Development of a Practical, Minimally Invasive Seizure Gauge

The researchers are trying to assess changes in physiological signals before and during seizures.

Study Overview

• Status: Enrolling by invitation
• Conditions: Epilepsy
• Intervention / Treatment: Device: EpiTel EpiLog; Device: Byte Flies Sensor Dots; Device: Empatica E4; Device: Biovotion Everion; Device: GeneActiv

Detailed Description

Subjects that are undergoing video EEG monitoring in the hospital for their epilepsy at Mayo Clinic will be consented to participate in this study for a minimum of two days and/or the duration of their hospital stay for their clinical care. Subjects will be asked to wear up to 4 different commercially available seizure detection devices and complete surveys.

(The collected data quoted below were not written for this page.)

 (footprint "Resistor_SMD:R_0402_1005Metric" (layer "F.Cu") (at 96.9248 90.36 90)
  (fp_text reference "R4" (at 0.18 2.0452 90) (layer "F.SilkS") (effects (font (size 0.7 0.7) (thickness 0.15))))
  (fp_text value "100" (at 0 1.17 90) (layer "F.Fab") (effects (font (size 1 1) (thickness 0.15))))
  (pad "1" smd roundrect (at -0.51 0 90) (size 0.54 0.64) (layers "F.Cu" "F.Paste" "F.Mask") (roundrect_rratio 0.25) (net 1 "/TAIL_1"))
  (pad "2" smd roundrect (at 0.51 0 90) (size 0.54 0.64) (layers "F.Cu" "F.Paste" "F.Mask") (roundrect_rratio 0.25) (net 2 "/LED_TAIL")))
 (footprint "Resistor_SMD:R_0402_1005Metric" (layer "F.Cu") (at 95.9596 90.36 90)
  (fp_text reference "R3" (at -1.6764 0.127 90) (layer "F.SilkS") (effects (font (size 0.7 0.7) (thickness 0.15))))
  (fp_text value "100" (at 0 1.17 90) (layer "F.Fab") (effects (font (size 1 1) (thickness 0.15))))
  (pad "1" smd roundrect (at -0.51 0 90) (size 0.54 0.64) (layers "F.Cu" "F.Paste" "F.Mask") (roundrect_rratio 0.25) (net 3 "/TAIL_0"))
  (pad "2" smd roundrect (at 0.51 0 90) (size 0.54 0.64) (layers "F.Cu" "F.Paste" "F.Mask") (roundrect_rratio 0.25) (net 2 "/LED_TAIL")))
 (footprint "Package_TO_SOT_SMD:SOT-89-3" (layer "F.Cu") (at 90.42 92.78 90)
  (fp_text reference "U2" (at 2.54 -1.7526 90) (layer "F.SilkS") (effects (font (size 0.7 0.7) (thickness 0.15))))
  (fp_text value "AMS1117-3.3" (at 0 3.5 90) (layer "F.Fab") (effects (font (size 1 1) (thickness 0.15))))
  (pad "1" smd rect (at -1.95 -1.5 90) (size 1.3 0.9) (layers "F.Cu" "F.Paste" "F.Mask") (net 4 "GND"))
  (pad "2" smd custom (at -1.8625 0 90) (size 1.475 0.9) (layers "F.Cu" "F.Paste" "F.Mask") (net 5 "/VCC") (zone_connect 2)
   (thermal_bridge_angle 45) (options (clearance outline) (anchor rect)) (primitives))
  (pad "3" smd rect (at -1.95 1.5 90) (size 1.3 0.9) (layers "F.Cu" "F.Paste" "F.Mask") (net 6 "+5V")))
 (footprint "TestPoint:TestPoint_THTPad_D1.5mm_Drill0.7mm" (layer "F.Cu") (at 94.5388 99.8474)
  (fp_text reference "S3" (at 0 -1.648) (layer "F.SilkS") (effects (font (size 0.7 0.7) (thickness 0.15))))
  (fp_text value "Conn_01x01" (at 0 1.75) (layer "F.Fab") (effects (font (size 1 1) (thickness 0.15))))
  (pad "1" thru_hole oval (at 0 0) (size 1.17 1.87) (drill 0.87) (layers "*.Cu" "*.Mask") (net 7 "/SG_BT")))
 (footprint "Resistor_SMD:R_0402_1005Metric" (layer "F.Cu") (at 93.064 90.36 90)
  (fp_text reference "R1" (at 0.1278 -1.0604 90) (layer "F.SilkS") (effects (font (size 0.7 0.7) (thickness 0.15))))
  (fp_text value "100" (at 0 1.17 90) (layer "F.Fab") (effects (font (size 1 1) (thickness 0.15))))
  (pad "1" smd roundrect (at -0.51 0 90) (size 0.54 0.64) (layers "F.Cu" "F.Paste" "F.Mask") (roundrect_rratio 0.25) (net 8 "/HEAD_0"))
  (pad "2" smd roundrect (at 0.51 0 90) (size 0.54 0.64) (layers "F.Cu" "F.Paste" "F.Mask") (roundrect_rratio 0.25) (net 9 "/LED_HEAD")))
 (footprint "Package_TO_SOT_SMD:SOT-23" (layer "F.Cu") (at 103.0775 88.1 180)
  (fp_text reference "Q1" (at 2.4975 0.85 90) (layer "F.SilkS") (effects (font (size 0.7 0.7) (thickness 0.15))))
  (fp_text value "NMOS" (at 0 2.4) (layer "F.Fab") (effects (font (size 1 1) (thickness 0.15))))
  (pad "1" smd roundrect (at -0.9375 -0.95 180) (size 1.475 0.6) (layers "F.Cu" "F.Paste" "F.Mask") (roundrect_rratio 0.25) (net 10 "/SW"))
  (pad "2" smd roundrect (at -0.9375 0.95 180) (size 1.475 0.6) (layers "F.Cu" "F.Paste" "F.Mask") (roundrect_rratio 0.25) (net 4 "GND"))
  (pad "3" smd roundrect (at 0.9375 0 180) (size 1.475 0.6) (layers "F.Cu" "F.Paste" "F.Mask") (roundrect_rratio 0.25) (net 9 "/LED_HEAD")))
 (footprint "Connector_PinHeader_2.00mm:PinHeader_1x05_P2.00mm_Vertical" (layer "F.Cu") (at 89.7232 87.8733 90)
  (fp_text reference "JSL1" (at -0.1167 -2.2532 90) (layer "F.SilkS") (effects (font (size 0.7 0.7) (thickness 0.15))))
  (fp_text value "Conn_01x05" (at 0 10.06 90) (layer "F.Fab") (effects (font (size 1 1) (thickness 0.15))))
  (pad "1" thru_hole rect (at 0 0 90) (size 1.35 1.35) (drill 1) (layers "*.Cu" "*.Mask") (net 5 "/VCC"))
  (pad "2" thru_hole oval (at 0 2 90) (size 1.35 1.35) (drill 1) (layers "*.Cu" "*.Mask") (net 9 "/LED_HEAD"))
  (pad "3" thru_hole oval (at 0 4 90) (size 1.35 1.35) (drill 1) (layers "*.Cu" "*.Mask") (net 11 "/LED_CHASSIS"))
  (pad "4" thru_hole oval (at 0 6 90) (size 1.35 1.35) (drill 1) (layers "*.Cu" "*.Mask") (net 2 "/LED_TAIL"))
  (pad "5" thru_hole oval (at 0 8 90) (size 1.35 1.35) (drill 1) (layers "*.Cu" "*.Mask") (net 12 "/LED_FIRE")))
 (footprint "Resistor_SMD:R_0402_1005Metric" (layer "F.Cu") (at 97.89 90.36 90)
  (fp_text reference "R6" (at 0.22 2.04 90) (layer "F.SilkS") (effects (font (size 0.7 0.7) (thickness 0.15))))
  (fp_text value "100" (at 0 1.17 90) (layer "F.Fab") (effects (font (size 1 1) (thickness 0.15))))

In the second year of the study patients who have implanted devices capable of recording or detecting seizures will be recruited to wear a noninvasive biosensor for multiple months. This data will be used to develop algorithms capable of detecting and/or forecasting seizures.

When the subjects clinical EEG monitoring is completed data scientists will analyze the data to identify patterns.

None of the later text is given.